Stored data entries:
※
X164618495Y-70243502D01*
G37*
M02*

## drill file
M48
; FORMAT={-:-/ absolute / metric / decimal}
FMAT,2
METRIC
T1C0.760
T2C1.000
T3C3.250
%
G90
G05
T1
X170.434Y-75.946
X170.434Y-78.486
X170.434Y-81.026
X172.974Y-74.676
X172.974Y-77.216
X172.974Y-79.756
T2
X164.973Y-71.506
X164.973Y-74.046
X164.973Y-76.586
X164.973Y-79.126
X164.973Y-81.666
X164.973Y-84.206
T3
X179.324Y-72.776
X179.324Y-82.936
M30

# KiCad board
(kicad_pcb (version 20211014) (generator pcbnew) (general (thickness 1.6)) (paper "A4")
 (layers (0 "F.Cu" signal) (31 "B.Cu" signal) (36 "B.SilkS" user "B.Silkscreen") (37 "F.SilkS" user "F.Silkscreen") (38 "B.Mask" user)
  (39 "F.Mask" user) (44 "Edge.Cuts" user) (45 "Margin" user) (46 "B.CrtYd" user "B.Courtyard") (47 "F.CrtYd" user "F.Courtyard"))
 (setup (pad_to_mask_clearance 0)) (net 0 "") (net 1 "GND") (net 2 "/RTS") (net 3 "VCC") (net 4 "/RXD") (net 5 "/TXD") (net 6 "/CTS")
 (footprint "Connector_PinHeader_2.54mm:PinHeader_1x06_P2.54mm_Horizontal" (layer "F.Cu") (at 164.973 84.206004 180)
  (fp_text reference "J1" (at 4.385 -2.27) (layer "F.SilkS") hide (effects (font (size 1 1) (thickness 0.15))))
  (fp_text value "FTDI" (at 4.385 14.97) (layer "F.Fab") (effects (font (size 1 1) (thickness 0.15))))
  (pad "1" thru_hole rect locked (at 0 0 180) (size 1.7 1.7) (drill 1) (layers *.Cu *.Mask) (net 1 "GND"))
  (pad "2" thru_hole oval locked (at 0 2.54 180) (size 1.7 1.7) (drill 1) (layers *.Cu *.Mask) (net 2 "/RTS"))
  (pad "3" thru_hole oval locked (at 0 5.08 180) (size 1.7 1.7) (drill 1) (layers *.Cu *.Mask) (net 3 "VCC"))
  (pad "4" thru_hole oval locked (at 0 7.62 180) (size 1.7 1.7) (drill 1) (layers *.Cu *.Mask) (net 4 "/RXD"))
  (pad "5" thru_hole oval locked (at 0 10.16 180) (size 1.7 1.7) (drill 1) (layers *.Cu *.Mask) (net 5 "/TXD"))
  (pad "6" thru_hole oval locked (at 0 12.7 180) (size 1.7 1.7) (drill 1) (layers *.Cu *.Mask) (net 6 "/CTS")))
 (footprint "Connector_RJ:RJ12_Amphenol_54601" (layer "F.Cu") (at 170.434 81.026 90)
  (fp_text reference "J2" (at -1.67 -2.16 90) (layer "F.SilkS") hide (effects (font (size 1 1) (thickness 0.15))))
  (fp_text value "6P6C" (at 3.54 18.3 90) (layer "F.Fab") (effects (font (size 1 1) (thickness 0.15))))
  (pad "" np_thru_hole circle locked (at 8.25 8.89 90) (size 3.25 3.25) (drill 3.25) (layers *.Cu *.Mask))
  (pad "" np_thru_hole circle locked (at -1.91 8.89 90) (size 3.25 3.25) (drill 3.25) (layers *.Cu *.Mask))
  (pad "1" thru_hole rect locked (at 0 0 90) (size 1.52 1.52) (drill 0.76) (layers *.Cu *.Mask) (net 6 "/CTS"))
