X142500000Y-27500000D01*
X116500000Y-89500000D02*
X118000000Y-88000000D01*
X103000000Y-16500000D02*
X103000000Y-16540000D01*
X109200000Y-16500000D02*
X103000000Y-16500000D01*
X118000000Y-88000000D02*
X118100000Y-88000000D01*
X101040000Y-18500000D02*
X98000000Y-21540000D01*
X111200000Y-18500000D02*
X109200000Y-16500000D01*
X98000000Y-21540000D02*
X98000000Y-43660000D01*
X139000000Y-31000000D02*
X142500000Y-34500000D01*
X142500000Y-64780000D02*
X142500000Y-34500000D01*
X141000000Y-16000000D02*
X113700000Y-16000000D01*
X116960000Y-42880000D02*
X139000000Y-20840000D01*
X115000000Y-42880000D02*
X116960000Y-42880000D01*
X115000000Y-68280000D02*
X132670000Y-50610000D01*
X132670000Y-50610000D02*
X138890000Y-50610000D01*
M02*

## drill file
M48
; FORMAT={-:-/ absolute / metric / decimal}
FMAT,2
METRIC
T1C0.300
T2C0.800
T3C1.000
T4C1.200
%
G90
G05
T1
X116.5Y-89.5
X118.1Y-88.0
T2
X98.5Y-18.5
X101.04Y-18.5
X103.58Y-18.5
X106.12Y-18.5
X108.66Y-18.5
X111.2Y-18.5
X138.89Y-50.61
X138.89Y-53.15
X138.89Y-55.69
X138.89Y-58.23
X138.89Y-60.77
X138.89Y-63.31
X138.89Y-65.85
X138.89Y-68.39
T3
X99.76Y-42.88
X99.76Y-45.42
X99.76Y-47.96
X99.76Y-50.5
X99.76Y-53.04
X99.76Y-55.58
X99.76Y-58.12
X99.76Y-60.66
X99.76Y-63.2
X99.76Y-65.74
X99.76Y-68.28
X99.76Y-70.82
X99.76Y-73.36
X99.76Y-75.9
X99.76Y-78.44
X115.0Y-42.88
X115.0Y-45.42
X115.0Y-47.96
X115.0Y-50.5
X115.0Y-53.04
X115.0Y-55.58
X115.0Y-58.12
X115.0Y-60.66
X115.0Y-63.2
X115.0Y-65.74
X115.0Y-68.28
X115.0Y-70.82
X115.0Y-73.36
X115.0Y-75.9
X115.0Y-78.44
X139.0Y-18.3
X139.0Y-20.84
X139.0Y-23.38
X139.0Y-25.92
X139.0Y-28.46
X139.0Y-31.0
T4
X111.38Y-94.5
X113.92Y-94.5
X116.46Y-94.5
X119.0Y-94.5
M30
※
• What is needed: In full and without change, transcribe the entries.

• Solved problem:
X164618495Y-70243502D01*
G37*
M02*

## drill file
M48
; FORMAT={-:-/ absolute / metric / decimal}
FMAT,2
METRIC
T1C0.760
T2C1.000
T3C3.250
%
G90
G05
T1
X170.434Y-75.946
X170.434Y-78.486
X170.434Y-81.026
X172.974Y-74.676
X172.974Y-77.216
X172.974Y-79.756
T2
X164.973Y-71.506
X164.973Y-74.046
X164.973Y-76.586
X164.973Y-79.126
X164.973Y-81.666
X164.973Y-84.206
T3
X179.324Y-72.776
X179.324Y-82.936
M30

# KiCad board
(kicad_pcb (version 20211014) (generator pcbnew) (general (thickness 1.6)) (paper "A4")
 (layers (0 "F.Cu" signal) (31 "B.Cu" signal) (36 "B.SilkS" user "B.Silkscreen") (37 "F.SilkS" user "F.Silkscreen") (38 "B.Mask" user)
  (39 "F.Mask" user) (44 "Edge.Cuts" user) (45 "Margin" user) (46 "B.CrtYd" user "B.Courtyard") (47 "F.CrtYd" user "F.Courtyard"))
 (setup (pad_to_mask_clearance 0)) (net 0 "") (net 1 "GND") (net 2 "/RTS") (net 3 "VCC") (net 4 "/RXD") (net 5 "/TXD") (net 6 "/CTS")
 (footprint "Connector_PinHeader_2.54mm:PinHeader_1x06_P2.54mm_Horizontal" (layer "F.Cu") (at 164.973 84.206004 180)
  (fp_text reference "J1" (at 4.385 -2.27) (layer "F.SilkS") hide (effects (font (size 1 1) (thickness 0.15))))
  (fp_text value "FTDI" (at 4.385 14.97) (layer "F.Fab") (effects (font (size 1 1) (thickness 0.15))))
  (pad "1" thru_hole rect locked (at 0 0 180) (size 1.7 1.7) (drill 1) (layers *.Cu *.Mask) (net 1 "GND"))
  (pad "2" thru_hole oval locked (at 0 2.54 180) (size 1.7 1.7) (drill 1) (layers *.Cu *.Mask) (net 2 "/RTS"))
  (pad "3" thru_hole oval locked (at 0 5.08 180) (size 1.7 1.7) (drill 1) (layers *.Cu *.Mask) (net 3 "VCC"))
  (pad "4" thru_hole oval locked (at 0 7.62 180) (size 1.7 1.7) (drill 1) (layers *.Cu *.Mask) (net 4 "/RXD"))
  (pad "5" thru_hole oval locked (at 0 10.16 180) (size 1.7 1.7) (drill 1) (layers *.Cu *.Mask) (net 5 "/TXD"))
  (pad "6" thru_hole oval locked (at 0 12.7 180) (size 1.7 1.7) (drill 1) (layers *.Cu *.Mask) (net 6 "/CTS")))
 (footprint "Connector_RJ:RJ12_Amphenol_54601" (layer "F.Cu") (at 170.434 81.026 90)
  (fp_text reference "J2" (at -1.67 -2.16 90) (layer "F.SilkS") hide (effects (font (size 1 1) (thickness 0.15))))
  (fp_text value "6P6C" (at 3.54 18.3 90) (layer "F.Fab") (effects (font (size 1 1) (thickness 0.15))))
  (pad "" np_thru_hole circle locked (at 8.25 8.89 90) (size 3.25 3.25) (drill 3.25) (layers *.Cu *.Mask))
  (pad "" np_thru_hole circle locked (at -1.91 8.89 90) (size 3.25 3.25) (drill 3.25) (layers *.Cu *.Mask))
  (pad "1" thru_hole rect locked (at 0 0 90) (size 1.52 1.52) (drill 0.76) (layers *.Cu *.Mask) (net 6 "/CTS"))
X142500000Y-27500000D01*
X116500000Y-89500000D02*
X118000000Y-88000000D01*
X103000000Y-16500000D02*
X103000000Y-16540000D01*
X109200000Y-16500000D02*
X103000000Y-16500000D01*
X118000000Y-88000000D02*
X118100000Y-88000000D01*
X101040000Y-18500000D02*
X98000000Y-21540000D01*
X111200000Y-18500000D02*
X109200000Y-16500000D01*
X98000000Y-21540000D02*
X98000000Y-43660000D01*
X139000000Y-31000000D02*
X142500000Y-34500000D01*
X142500000Y-64780000D02*
X142500000Y-34500000D01*
X141000000Y-16000000D02*
X113700000Y-16000000D01*
X116960000Y-42880000D02*
X139000000Y-20840000D01*
X115000000Y-42880000D02*
X116960000Y-42880000D01*
X115000000Y-68280000D02*
X132670000Y-50610000D01*
X132670000Y-50610000D02*
X138890000Y-50610000D01*
M02*

## drill file
M48
; FORMAT={-:-/ absolute / metric / decimal}
FMAT,2
METRIC
T1C0.300
T2C0.800
T3C1.000
T4C1.200
%
G90
G05
T1
X116.5Y-89.5
X118.1Y-88.0
T2
X98.5Y-18.5
X101.04Y-18.5
X103.58Y-18.5
X106.12Y-18.5
X108.66Y-18.5
X111.2Y-18.5
X138.89Y-50.61
X138.89Y-53.15
X138.89Y-55.69
X138.89Y-58.23
X138.89Y-60.77
X138.89Y-63.31
X138.89Y-65.85
X138.89Y-68.39
T3
X99.76Y-42.88
X99.76Y-45.42
X99.76Y-47.96
X99.76Y-50.5
X99.76Y-53.04
X99.76Y-55.58
X99.76Y-58.12
X99.76Y-60.66
X99.76Y-63.2
X99.76Y-65.74
X99.76Y-68.28
X99.76Y-70.82
X99.76Y-73.36
X99.76Y-75.9
X99.76Y-78.44
X115.0Y-42.88
X115.0Y-45.42
X115.0Y-47.96
X115.0Y-50.5
X115.0Y-53.04
X115.0Y-55.58
X115.0Y-58.12
X115.0Y-60.66
X115.0Y-63.2
X115.0Y-65.74
X115.0Y-68.28
X115.0Y-70.82
X115.0Y-73.36
X115.0Y-75.9
X115.0Y-78.44
X139.0Y-18.3
X139.0Y-20.84
X139.0Y-23.38
X139.0Y-25.92
X139.0Y-28.46
X139.0Y-31.0
T4
X111.38Y-94.5
X113.92Y-94.5
X116.46Y-94.5
X119.0Y-94.5
M30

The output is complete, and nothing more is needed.